I’m creating a bootable Clonezilla USB. I’m following the instructions from the website. I made a FAT32 partition on the USB with KDE Partition Manager. I ran into the following while running sudo bash makeboot.sh /dev/[device]:
This program is for making a bootable disk with MBR partition table.
For GPT disk, there is no need to run this program. Just make sure the partition is FAT32 with ID=ef00 and all the files are copied on that. That's all.
Program terminated!
This isn’t mentioned in the instructions. Is this going to be a problem?
How do I check if the partition is “FAT32 with ID=ef00”?

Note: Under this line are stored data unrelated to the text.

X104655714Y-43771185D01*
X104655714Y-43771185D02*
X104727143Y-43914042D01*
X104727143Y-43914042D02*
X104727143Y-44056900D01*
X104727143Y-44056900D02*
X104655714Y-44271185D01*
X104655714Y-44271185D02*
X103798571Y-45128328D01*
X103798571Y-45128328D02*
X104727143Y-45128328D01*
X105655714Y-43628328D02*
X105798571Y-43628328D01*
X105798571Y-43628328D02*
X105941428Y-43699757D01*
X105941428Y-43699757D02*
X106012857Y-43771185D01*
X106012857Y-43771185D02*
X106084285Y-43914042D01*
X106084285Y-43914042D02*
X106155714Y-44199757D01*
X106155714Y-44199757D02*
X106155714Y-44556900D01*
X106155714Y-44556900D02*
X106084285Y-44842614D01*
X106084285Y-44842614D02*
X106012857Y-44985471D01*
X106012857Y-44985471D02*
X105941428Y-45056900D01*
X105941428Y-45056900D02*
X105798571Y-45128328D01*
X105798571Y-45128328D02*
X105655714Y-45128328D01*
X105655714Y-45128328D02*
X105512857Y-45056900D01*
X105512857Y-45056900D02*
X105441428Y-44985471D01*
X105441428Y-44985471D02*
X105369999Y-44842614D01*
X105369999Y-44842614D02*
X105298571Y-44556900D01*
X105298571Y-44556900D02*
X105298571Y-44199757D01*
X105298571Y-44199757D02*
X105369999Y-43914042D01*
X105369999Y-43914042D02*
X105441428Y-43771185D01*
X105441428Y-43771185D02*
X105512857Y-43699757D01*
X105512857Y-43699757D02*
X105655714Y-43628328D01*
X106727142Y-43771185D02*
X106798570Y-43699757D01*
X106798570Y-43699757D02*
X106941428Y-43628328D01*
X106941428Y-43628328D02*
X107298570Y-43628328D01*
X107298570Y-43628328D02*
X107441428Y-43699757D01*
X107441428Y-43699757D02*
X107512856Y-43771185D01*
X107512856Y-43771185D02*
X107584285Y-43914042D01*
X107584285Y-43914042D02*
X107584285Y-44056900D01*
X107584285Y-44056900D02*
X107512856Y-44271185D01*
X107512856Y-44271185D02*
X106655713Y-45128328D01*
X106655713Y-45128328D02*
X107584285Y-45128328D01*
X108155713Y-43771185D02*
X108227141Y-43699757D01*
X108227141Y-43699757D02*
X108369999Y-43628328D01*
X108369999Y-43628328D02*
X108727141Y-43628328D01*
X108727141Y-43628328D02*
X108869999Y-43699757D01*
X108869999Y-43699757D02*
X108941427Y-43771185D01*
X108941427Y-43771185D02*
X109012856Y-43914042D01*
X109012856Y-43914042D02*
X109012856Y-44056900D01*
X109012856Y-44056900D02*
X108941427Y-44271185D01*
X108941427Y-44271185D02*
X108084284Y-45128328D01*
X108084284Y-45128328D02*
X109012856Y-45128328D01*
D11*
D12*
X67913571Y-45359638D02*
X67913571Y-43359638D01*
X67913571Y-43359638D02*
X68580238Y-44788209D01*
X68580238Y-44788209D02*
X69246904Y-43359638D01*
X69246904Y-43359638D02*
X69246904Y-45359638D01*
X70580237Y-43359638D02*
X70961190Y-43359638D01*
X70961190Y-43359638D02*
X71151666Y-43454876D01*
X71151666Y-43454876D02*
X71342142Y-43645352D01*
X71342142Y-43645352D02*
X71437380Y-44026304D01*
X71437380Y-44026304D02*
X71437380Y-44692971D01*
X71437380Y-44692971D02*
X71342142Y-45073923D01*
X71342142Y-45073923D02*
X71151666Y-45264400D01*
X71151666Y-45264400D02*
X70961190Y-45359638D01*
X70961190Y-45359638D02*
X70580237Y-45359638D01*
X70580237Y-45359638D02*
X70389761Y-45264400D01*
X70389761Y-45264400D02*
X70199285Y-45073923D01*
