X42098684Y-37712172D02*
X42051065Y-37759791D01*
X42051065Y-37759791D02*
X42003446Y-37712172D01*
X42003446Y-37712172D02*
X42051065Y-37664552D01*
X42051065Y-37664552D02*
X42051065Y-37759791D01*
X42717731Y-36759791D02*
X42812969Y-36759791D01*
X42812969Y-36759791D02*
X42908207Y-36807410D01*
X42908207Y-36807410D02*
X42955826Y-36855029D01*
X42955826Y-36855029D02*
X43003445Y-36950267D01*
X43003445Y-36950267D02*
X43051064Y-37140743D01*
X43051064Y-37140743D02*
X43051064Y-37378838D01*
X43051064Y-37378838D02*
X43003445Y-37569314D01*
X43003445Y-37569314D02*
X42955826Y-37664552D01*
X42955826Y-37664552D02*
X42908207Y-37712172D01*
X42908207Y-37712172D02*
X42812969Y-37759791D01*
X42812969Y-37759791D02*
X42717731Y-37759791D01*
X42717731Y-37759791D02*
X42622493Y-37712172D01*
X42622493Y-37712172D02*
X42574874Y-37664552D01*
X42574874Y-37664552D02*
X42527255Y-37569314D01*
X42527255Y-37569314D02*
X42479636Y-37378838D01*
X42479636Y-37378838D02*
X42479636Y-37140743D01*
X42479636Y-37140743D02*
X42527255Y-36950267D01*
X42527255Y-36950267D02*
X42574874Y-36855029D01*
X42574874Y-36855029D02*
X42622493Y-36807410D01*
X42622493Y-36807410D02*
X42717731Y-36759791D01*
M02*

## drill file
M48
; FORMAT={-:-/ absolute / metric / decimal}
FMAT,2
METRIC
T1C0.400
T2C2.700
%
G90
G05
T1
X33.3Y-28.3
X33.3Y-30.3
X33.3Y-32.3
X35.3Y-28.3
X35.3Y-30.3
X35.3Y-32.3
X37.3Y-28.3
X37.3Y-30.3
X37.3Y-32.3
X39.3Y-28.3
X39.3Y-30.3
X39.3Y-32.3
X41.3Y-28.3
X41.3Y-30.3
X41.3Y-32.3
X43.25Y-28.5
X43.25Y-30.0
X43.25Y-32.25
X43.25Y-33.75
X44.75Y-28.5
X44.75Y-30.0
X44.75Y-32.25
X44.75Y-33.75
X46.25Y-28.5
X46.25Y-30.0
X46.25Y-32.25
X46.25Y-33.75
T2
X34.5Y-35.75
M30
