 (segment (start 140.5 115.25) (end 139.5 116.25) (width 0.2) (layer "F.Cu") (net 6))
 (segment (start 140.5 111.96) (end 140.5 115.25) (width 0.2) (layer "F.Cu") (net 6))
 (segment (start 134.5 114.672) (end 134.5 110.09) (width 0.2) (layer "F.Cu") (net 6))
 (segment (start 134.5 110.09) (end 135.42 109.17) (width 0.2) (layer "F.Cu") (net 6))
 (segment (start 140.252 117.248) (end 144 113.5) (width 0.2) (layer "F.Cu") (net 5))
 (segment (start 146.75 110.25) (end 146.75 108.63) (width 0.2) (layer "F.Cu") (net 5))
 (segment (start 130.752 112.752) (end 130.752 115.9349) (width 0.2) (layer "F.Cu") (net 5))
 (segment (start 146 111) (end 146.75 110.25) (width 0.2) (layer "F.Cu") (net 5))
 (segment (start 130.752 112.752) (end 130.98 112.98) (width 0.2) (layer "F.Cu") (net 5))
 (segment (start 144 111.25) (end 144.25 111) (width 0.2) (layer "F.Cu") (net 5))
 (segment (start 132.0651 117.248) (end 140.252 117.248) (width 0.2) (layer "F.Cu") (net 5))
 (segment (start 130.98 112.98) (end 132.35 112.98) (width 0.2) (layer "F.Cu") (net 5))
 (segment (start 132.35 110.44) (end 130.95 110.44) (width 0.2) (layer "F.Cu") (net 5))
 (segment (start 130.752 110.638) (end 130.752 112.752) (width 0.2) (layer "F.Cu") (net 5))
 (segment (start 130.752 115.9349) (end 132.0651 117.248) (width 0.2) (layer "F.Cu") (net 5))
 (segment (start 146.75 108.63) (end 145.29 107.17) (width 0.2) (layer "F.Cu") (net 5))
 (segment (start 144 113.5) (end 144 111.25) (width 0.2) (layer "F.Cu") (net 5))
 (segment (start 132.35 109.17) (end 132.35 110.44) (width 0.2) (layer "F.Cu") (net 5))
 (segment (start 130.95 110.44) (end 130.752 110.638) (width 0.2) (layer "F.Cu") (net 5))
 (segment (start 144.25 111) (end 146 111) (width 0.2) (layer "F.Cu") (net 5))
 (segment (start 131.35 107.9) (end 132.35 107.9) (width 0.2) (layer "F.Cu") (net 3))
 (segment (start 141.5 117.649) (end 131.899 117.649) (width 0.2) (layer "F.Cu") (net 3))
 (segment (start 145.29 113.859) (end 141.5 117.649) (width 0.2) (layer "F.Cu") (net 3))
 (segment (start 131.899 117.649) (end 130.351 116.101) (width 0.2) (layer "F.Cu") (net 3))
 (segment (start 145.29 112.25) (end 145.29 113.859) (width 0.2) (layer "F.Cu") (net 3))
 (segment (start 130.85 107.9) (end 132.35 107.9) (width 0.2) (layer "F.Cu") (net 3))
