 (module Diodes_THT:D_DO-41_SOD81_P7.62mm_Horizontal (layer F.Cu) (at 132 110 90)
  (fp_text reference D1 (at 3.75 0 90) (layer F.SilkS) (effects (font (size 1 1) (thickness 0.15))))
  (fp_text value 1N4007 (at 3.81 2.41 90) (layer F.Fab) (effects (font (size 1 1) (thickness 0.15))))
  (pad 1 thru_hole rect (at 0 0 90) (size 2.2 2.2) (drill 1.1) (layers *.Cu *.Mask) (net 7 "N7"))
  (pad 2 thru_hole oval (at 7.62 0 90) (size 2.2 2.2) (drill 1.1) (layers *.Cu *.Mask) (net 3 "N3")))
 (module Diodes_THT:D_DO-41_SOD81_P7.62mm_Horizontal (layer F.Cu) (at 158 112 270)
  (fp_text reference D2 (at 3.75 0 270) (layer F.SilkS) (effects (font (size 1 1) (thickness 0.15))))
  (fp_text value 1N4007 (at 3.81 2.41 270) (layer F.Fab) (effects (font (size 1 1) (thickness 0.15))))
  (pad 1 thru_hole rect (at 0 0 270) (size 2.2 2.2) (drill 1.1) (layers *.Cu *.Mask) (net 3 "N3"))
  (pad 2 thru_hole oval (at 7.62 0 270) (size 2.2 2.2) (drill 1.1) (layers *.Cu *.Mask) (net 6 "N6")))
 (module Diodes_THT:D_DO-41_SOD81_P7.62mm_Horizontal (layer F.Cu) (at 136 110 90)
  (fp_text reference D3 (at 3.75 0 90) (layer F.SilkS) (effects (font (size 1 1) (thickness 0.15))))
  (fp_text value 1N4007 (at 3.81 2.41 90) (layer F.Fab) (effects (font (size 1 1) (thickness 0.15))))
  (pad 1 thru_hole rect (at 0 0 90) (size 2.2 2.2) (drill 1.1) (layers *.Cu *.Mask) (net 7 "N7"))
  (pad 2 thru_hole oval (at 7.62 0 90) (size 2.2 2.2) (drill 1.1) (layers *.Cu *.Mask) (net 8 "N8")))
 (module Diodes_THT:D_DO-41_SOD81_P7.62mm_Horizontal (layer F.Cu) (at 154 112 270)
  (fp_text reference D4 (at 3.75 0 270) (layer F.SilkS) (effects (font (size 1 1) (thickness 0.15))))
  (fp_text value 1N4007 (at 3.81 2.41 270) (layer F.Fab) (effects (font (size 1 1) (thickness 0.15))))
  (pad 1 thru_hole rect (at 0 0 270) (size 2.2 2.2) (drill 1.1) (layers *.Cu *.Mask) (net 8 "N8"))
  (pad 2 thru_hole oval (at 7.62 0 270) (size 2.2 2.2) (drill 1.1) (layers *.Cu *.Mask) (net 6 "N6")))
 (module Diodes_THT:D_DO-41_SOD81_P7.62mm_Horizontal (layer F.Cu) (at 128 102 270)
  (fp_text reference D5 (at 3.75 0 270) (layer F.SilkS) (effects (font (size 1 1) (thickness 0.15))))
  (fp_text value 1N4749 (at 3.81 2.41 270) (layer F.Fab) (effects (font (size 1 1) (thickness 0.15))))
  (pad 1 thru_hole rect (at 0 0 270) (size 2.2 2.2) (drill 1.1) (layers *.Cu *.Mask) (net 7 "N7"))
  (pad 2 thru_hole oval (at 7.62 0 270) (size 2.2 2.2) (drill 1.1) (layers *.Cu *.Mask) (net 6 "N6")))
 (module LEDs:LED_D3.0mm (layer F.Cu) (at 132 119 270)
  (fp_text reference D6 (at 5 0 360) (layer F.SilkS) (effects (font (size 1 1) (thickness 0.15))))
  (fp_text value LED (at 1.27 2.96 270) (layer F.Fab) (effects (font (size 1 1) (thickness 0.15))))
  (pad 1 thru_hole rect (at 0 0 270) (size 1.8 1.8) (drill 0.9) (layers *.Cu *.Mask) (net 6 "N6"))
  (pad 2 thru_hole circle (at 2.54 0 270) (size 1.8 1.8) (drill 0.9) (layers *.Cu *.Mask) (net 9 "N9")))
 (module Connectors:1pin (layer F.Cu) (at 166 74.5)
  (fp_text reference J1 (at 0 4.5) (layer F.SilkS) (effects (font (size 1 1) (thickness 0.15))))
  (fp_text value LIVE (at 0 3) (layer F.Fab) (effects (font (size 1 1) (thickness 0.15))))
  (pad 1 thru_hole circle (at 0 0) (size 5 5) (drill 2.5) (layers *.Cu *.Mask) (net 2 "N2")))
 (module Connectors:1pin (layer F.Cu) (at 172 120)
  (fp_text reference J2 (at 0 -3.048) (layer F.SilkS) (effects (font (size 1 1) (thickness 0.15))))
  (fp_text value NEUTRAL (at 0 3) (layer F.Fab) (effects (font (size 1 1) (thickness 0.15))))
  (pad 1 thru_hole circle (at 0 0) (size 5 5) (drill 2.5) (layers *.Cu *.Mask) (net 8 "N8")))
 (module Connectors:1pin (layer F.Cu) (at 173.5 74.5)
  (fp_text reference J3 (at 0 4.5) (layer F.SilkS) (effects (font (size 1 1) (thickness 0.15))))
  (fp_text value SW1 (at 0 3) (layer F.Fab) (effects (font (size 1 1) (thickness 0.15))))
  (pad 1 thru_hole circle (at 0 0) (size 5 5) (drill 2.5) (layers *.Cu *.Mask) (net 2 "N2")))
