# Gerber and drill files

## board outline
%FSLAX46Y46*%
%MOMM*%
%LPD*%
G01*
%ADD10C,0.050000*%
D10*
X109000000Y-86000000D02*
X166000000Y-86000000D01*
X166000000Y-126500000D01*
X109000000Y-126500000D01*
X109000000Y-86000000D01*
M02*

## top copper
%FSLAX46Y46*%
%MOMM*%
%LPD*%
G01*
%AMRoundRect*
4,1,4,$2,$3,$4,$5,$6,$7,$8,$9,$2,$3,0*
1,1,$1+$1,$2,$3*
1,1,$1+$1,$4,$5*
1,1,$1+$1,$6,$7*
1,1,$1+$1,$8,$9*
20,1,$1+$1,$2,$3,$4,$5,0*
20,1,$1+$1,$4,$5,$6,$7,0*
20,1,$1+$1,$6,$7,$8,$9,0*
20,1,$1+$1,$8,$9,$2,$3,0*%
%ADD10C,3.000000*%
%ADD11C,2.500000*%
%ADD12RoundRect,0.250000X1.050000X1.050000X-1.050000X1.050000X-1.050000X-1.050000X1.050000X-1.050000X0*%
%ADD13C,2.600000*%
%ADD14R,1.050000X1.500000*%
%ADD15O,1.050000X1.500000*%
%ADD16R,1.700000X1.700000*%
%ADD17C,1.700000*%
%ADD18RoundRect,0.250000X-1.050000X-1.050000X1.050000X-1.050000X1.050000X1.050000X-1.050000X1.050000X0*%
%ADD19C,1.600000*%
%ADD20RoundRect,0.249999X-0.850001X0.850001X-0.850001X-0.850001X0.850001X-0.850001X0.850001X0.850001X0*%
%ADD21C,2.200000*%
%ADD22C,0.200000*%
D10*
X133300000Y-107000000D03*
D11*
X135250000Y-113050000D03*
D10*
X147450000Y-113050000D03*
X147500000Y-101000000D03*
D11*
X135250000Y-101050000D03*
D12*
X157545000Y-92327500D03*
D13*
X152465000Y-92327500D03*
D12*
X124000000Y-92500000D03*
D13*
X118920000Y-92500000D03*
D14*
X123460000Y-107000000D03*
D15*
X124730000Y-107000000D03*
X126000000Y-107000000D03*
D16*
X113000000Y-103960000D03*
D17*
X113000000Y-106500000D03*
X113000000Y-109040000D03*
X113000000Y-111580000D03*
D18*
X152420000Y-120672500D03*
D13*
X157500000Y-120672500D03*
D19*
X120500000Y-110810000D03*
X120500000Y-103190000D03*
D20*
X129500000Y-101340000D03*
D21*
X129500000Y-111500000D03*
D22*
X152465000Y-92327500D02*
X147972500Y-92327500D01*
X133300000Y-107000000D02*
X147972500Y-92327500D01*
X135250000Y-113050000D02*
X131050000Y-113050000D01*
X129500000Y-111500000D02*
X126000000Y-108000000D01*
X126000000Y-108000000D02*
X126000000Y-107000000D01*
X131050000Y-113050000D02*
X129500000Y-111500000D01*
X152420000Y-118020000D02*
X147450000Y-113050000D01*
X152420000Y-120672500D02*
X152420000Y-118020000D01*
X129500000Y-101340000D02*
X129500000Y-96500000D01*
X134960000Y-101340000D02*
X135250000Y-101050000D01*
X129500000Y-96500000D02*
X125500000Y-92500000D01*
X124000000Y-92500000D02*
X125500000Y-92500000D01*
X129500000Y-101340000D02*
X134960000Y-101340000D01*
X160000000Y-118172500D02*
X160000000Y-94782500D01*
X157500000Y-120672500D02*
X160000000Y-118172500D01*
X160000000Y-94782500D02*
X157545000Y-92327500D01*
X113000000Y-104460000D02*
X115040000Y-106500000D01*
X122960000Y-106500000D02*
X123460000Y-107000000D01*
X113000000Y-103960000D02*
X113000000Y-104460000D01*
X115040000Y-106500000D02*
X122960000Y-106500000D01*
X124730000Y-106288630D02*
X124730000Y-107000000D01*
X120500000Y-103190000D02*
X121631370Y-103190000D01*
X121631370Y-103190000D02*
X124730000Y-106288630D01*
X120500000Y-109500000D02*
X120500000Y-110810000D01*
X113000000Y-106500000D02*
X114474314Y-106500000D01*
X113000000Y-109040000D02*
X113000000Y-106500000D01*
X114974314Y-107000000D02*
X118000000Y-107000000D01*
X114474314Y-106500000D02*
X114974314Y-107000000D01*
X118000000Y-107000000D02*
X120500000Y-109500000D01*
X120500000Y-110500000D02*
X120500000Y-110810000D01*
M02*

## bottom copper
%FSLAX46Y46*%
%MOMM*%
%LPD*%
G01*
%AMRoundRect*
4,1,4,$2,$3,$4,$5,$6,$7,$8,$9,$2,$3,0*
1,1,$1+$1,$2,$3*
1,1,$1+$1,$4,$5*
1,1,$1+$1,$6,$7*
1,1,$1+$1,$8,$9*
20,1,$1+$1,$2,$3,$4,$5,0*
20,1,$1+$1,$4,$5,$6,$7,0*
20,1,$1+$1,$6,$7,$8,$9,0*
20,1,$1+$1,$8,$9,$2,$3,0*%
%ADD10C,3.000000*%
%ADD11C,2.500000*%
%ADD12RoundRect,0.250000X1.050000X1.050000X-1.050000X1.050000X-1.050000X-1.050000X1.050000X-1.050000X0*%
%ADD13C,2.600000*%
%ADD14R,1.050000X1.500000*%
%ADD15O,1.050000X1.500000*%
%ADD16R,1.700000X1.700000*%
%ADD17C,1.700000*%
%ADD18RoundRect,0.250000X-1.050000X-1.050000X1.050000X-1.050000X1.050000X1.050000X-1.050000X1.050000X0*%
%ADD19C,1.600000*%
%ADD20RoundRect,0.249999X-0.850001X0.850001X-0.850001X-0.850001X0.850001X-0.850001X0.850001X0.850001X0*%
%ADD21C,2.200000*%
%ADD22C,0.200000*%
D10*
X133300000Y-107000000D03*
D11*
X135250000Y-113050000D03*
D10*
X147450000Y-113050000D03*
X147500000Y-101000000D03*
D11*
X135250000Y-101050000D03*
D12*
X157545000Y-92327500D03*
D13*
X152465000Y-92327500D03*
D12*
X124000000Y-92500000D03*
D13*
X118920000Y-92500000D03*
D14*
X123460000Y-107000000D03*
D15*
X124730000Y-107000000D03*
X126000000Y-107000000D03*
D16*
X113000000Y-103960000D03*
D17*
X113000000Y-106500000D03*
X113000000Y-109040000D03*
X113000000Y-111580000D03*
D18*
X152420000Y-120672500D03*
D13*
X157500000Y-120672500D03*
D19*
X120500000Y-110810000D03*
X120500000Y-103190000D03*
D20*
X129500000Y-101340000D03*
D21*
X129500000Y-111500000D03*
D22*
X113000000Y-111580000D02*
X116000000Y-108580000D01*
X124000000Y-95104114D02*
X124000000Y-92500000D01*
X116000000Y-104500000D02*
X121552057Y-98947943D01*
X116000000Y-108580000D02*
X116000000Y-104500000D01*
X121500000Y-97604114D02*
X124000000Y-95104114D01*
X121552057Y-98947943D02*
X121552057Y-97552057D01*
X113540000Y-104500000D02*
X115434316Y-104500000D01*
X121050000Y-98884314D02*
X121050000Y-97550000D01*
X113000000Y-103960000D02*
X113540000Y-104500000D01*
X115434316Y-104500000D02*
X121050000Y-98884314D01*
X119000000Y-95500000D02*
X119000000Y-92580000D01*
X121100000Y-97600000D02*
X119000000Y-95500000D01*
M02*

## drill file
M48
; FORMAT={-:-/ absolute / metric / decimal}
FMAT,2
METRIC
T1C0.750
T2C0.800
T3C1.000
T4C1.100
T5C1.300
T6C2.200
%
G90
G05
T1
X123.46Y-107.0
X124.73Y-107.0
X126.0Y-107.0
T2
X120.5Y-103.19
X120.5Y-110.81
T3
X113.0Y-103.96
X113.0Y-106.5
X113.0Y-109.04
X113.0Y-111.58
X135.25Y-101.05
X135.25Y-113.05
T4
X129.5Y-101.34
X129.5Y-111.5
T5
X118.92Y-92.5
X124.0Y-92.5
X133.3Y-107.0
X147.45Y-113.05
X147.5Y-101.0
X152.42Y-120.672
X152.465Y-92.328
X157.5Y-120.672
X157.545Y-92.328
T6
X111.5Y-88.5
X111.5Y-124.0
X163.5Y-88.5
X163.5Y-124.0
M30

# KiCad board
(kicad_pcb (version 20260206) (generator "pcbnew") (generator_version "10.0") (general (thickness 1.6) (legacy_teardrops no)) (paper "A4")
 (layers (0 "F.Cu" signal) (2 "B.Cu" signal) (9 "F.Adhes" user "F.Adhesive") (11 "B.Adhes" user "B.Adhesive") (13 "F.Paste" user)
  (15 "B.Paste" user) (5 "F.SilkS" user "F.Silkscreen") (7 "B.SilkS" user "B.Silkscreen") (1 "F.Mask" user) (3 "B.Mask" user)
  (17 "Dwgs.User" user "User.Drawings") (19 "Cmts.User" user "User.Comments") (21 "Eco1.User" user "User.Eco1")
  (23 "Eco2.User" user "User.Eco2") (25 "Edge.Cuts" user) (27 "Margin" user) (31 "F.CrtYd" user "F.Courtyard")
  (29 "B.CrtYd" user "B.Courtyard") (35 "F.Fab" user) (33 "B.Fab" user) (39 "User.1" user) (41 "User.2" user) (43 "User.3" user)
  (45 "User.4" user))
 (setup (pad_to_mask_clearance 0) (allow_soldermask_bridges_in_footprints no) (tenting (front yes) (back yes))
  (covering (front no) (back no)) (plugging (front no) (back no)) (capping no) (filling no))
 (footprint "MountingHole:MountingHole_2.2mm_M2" (layer "F.Cu") (at 163.5 124)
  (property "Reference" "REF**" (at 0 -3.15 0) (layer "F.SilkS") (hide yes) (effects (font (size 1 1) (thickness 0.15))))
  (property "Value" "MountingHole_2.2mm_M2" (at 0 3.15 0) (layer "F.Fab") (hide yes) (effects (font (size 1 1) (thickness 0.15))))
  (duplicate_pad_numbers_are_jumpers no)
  (pad "" np_thru_hole circle (at 0 0) (size 2.2 2.2) (drill 2.2) (layers "*.Cu" "*.Mask")))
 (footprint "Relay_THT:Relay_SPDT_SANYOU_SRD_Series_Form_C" (layer "F.Cu") (at 133.3 107)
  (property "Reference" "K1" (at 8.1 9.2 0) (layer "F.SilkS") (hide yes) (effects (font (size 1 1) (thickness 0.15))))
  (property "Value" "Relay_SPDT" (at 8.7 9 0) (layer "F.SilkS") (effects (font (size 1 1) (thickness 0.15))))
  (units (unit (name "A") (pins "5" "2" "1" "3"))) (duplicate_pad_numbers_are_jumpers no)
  (pad "1" thru_hole circle (at 0 0 90) (size 3 3) (drill 1.3) (layers "*.Cu" "*.Mask") (remove_unused_layers no) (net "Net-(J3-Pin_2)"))
  (pad "2" thru_hole circle (at 1.95 6.05 90) (size 2.5 2.5) (drill 1) (layers "*.Cu" "*.Mask") (remove_unused_layers no) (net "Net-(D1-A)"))
  (pad "3" thru_hole circle (at 14.15 6.05 90) (size 3 3) (drill 1.3) (layers "*.Cu" "*.Mask") (remove_unused_layers no)
   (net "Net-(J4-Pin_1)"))
  (pad "4" thru_hole circle (at 14.2 -6 90) (size 3 3) (drill 1.3) (layers "*.Cu" "*.Mask") (remove_unused_layers no))
  (pad "5" thru_hole circle (at 1.95 -5.95 90) (size 2.5 2.5) (drill 1) (layers "*.Cu" "*.Mask") (remove_unused_layers no) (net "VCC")))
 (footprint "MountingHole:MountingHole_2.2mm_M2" (layer "F.Cu") (at 111.5 124)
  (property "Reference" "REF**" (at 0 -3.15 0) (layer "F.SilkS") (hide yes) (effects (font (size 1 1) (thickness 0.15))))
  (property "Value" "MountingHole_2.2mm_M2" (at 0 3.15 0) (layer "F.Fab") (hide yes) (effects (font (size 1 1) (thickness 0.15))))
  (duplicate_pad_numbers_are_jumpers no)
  (pad "" np_thru_hole circle (at 0 0) (size 2.2 2.2) (drill 2.2) (layers "*.Cu" "*.Mask")))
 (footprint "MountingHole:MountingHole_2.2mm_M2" (layer "F.Cu") (at 163.5 88.5)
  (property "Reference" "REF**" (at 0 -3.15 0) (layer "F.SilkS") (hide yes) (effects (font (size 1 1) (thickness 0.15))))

Warning! Non-GPT or damaged disk detected! This program will attempt to
convert to GPT form or repair damage to GPT data structures, but may not
succeed. Use gdisk or another disk repair tool if you have a damaged GPT
disk.
Just let the program continue - it will fix the gpt structure - then change the type for partition - or delete the partition and recreate it - write the partition table and quit.
Then format the device (just remember - the device cannot hold files larger than 4GB)
I tried changing the ID in a different way, but I couldn’t make the USB bootable. Very frustrating.
EDIT I finally set up the bootable USB. I didn’t make a partition in the KDE Partition Manager this time. Instead, I wiped the existing partitions in the KDE Partition Manager and created a partition through the terminal, in fdisk.
Now I’m staring at the Clonezilla boot menu and the only thing left to figure out is everything.
I was hoping I would be able to boot from the image, in order to make sure if it’s restorable. I set the USB hard drive as the priority boot device. I think the image didn’t boot, because it wasn’t mounted at /.
I also thought that the image will use the entire external HDD, but it doesn’t. It also left the previous data intact.